What is being asked: Find each line of the entries with the string "CrtYd", please, and copy it.

Dataset extract:
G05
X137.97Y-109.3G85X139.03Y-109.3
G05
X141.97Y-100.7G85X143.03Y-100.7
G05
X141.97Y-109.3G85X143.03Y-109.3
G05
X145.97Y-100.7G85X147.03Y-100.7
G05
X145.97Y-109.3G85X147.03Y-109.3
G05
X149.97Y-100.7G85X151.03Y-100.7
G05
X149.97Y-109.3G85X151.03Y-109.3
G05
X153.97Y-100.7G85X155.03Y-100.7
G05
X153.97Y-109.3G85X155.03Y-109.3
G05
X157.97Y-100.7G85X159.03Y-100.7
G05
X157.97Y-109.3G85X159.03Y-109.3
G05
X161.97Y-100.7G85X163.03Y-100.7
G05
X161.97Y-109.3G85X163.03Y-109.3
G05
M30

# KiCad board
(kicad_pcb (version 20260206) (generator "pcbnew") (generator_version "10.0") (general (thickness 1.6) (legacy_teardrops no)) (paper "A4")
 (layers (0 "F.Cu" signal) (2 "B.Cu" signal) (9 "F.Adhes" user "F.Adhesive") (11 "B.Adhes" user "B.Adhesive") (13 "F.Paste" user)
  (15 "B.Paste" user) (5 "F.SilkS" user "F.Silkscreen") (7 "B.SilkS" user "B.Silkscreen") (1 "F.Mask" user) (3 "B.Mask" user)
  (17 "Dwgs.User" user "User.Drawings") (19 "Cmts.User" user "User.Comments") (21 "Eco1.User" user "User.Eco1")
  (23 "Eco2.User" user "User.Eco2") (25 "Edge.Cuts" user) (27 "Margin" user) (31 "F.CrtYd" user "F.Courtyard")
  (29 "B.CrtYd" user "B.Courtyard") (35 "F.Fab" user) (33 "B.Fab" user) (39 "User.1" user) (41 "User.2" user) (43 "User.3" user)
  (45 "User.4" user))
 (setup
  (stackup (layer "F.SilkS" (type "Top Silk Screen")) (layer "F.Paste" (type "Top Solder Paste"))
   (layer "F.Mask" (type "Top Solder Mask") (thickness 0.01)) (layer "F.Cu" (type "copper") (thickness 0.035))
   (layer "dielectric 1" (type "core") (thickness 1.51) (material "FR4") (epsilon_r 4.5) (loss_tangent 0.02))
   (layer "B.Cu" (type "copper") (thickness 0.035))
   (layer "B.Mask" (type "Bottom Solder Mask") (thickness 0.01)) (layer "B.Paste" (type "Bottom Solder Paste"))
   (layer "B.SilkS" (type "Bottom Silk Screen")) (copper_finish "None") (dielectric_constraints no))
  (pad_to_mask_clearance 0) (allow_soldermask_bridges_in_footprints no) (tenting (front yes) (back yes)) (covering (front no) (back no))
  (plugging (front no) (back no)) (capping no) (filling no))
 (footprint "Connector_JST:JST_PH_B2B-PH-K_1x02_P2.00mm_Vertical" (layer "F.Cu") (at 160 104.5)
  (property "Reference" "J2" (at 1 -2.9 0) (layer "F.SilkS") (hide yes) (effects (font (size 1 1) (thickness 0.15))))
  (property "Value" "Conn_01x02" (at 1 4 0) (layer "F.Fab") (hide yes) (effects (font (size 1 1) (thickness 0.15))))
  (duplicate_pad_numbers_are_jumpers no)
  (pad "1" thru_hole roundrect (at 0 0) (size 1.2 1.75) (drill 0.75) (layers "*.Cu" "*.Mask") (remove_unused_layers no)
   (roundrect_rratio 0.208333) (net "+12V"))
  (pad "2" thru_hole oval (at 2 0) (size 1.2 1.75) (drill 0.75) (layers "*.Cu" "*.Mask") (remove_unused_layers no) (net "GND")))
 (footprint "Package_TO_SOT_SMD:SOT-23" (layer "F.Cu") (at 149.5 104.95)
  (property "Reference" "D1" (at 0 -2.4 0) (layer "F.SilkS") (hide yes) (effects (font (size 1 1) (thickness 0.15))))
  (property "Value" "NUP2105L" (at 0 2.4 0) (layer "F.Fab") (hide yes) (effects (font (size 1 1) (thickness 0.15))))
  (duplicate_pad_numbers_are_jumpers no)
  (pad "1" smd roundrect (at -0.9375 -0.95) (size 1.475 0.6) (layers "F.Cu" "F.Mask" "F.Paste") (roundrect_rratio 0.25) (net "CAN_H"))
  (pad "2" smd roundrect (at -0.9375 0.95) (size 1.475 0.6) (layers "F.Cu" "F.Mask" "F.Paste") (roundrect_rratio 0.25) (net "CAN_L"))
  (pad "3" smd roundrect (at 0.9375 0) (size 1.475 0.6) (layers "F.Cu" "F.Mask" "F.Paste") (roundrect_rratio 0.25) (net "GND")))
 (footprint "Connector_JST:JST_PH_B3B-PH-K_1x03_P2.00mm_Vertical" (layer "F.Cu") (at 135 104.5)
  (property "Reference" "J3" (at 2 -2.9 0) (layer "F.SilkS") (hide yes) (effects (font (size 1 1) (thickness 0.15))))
==
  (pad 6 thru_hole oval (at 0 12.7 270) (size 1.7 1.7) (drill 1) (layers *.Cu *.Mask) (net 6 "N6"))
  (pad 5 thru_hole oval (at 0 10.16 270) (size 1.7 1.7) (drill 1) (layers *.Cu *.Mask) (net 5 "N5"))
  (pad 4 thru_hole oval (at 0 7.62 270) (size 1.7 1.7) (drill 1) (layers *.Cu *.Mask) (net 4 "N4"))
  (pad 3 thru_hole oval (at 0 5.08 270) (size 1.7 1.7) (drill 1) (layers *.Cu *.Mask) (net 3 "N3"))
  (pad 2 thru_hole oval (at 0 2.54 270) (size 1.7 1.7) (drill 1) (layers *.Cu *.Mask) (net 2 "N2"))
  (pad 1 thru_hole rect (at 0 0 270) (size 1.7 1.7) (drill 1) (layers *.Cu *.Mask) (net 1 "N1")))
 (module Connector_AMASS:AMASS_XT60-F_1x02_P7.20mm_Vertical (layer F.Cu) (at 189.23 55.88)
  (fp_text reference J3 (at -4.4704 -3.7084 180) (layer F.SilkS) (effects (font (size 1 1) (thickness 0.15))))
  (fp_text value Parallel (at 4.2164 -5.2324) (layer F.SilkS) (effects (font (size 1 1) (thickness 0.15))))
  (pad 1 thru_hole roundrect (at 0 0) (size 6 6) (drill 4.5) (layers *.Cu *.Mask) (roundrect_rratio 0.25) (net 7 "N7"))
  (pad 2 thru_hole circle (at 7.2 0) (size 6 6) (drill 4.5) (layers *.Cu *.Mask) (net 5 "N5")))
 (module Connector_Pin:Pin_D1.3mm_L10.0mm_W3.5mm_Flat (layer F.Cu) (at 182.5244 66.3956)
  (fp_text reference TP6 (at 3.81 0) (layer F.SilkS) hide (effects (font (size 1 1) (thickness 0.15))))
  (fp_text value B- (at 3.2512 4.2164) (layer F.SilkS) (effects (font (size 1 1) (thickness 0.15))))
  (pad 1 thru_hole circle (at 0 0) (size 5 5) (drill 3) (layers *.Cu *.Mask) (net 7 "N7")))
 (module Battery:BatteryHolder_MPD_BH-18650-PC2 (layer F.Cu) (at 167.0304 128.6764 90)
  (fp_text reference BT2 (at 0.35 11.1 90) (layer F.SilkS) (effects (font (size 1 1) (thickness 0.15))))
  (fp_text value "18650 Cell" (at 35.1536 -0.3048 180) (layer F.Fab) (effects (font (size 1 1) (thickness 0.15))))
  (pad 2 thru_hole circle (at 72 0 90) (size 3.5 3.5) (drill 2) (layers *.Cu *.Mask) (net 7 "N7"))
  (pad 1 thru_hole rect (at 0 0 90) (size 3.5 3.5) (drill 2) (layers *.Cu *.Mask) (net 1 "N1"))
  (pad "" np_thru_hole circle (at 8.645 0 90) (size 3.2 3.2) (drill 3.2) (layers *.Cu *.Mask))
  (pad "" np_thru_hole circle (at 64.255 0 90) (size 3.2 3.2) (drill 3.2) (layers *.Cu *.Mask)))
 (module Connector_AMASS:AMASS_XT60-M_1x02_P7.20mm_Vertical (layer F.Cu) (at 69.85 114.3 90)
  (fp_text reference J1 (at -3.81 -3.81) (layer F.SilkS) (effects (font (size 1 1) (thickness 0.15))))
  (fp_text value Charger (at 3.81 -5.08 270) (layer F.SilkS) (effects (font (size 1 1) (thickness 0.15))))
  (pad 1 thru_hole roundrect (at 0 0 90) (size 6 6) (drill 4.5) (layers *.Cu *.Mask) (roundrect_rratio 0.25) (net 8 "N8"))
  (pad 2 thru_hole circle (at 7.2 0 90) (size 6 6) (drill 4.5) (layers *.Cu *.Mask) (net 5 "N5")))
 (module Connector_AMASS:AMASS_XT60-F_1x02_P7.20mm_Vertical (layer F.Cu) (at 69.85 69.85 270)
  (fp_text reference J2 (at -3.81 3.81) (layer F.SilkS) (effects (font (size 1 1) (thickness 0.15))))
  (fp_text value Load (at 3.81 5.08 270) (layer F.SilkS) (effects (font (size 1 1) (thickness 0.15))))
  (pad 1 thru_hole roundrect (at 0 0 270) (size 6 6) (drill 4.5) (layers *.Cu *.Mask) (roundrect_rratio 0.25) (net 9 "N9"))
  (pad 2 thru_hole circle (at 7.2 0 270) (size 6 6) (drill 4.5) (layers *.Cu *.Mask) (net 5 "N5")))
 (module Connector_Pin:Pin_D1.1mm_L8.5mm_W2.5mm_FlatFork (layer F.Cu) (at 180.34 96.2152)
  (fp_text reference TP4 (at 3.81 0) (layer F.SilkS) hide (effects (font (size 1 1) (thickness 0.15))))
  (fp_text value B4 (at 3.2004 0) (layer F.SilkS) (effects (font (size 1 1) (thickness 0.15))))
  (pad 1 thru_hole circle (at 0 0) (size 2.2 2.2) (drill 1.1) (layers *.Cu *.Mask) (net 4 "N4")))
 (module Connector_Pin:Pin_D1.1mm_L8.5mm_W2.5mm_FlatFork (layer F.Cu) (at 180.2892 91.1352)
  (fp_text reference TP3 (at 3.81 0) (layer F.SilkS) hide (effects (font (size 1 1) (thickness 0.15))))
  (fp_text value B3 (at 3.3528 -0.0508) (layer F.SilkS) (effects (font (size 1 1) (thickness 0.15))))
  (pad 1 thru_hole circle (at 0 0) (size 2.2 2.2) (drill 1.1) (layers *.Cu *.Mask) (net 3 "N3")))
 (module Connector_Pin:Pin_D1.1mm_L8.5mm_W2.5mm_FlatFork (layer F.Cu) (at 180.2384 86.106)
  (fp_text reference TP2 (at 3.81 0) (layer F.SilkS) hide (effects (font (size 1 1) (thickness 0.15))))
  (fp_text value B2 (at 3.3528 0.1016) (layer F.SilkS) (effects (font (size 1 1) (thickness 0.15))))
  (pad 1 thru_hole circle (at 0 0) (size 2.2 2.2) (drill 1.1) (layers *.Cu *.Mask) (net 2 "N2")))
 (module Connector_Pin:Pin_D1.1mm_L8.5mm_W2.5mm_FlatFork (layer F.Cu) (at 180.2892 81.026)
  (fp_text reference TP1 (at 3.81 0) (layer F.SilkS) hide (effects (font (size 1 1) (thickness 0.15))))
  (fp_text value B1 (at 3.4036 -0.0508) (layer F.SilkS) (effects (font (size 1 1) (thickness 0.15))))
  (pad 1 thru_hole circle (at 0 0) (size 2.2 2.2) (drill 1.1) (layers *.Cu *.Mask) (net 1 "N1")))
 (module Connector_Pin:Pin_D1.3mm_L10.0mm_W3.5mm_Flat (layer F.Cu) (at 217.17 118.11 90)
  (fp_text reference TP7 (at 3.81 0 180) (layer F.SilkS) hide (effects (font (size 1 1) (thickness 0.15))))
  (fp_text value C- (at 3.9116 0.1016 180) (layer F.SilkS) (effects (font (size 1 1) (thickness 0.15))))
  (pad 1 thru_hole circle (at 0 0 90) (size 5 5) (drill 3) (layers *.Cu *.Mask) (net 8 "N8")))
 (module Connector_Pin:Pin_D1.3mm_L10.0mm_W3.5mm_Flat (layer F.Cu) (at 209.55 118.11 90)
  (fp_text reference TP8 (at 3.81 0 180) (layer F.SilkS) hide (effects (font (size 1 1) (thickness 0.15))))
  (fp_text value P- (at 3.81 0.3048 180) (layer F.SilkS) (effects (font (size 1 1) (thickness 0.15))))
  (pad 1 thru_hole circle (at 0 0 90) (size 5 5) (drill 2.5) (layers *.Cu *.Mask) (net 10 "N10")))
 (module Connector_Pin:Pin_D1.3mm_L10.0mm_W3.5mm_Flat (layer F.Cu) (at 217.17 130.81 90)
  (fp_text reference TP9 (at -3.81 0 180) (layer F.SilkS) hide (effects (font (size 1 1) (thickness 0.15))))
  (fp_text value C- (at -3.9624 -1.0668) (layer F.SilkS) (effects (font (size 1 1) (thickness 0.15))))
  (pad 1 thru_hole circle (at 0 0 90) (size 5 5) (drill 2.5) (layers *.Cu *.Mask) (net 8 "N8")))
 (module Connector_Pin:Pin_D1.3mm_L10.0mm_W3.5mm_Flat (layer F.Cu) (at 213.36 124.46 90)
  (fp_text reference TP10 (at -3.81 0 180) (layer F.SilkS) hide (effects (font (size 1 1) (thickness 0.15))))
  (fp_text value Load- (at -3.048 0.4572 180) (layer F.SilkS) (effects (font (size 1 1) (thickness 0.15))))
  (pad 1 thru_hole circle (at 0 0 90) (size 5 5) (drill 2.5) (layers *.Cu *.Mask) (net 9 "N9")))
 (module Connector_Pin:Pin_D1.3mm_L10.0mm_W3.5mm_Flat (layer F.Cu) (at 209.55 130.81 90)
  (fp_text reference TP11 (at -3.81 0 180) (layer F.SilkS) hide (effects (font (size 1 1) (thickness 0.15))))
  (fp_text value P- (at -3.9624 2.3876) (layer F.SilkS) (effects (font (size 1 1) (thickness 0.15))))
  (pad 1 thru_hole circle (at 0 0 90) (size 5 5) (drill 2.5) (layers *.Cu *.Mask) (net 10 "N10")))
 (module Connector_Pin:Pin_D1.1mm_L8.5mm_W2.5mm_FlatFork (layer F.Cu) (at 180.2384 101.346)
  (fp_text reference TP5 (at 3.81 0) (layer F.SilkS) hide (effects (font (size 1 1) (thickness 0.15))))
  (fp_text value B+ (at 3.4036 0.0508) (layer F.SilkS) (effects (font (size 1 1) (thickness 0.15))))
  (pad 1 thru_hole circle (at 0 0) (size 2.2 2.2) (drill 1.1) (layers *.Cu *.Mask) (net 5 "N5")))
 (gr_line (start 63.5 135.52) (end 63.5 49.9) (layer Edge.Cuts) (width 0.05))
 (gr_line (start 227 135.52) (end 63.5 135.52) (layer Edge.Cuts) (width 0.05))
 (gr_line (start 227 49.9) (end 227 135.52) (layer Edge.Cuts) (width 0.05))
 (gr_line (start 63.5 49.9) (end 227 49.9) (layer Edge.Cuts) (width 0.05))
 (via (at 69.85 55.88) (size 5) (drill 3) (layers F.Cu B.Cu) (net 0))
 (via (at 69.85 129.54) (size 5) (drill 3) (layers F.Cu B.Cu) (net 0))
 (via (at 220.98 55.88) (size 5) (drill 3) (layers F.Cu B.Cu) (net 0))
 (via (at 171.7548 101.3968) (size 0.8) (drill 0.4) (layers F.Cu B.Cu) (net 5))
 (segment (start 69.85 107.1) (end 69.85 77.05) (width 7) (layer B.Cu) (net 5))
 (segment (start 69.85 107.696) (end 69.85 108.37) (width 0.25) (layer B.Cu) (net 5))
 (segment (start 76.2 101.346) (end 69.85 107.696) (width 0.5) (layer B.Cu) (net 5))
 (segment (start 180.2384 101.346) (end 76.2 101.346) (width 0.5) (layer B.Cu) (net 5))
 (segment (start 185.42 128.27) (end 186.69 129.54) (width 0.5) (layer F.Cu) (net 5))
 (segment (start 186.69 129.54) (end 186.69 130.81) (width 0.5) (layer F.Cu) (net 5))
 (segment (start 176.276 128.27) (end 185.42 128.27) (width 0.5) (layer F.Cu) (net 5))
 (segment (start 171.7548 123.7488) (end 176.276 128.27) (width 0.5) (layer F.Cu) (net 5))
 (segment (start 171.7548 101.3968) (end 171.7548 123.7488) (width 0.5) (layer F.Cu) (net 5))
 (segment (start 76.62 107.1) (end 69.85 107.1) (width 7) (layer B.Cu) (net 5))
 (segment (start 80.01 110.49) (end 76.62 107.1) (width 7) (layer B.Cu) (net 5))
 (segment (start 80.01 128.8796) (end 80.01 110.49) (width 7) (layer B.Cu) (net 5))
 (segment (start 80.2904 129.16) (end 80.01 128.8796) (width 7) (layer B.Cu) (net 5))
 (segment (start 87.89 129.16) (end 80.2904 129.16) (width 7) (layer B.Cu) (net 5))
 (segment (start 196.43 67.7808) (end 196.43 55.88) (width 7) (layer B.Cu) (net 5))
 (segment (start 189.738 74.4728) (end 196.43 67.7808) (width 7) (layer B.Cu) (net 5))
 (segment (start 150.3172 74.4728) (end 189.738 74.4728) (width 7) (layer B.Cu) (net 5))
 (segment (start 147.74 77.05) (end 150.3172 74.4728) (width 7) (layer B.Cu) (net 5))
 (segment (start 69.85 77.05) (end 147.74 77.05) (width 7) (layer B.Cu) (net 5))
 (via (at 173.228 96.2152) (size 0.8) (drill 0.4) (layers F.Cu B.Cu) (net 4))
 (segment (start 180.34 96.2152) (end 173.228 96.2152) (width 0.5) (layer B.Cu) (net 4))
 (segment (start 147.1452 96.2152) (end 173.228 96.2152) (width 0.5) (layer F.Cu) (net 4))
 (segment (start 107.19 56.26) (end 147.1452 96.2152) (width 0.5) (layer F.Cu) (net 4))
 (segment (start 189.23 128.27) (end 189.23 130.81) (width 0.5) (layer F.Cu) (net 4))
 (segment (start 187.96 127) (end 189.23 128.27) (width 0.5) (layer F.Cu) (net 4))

Solution to this task:
  (23 "Eco2.User" user "User.Eco2") (25 "Edge.Cuts" user) (27 "Margin" user) (31 "F.CrtYd" user "F.Courtyard")
  (29 "B.CrtYd" user "B.Courtyard") (35 "F.Fab" user) (33 "B.Fab" user) (39 "User.1" user) (41 "User.2" user) (43 "User.3" user)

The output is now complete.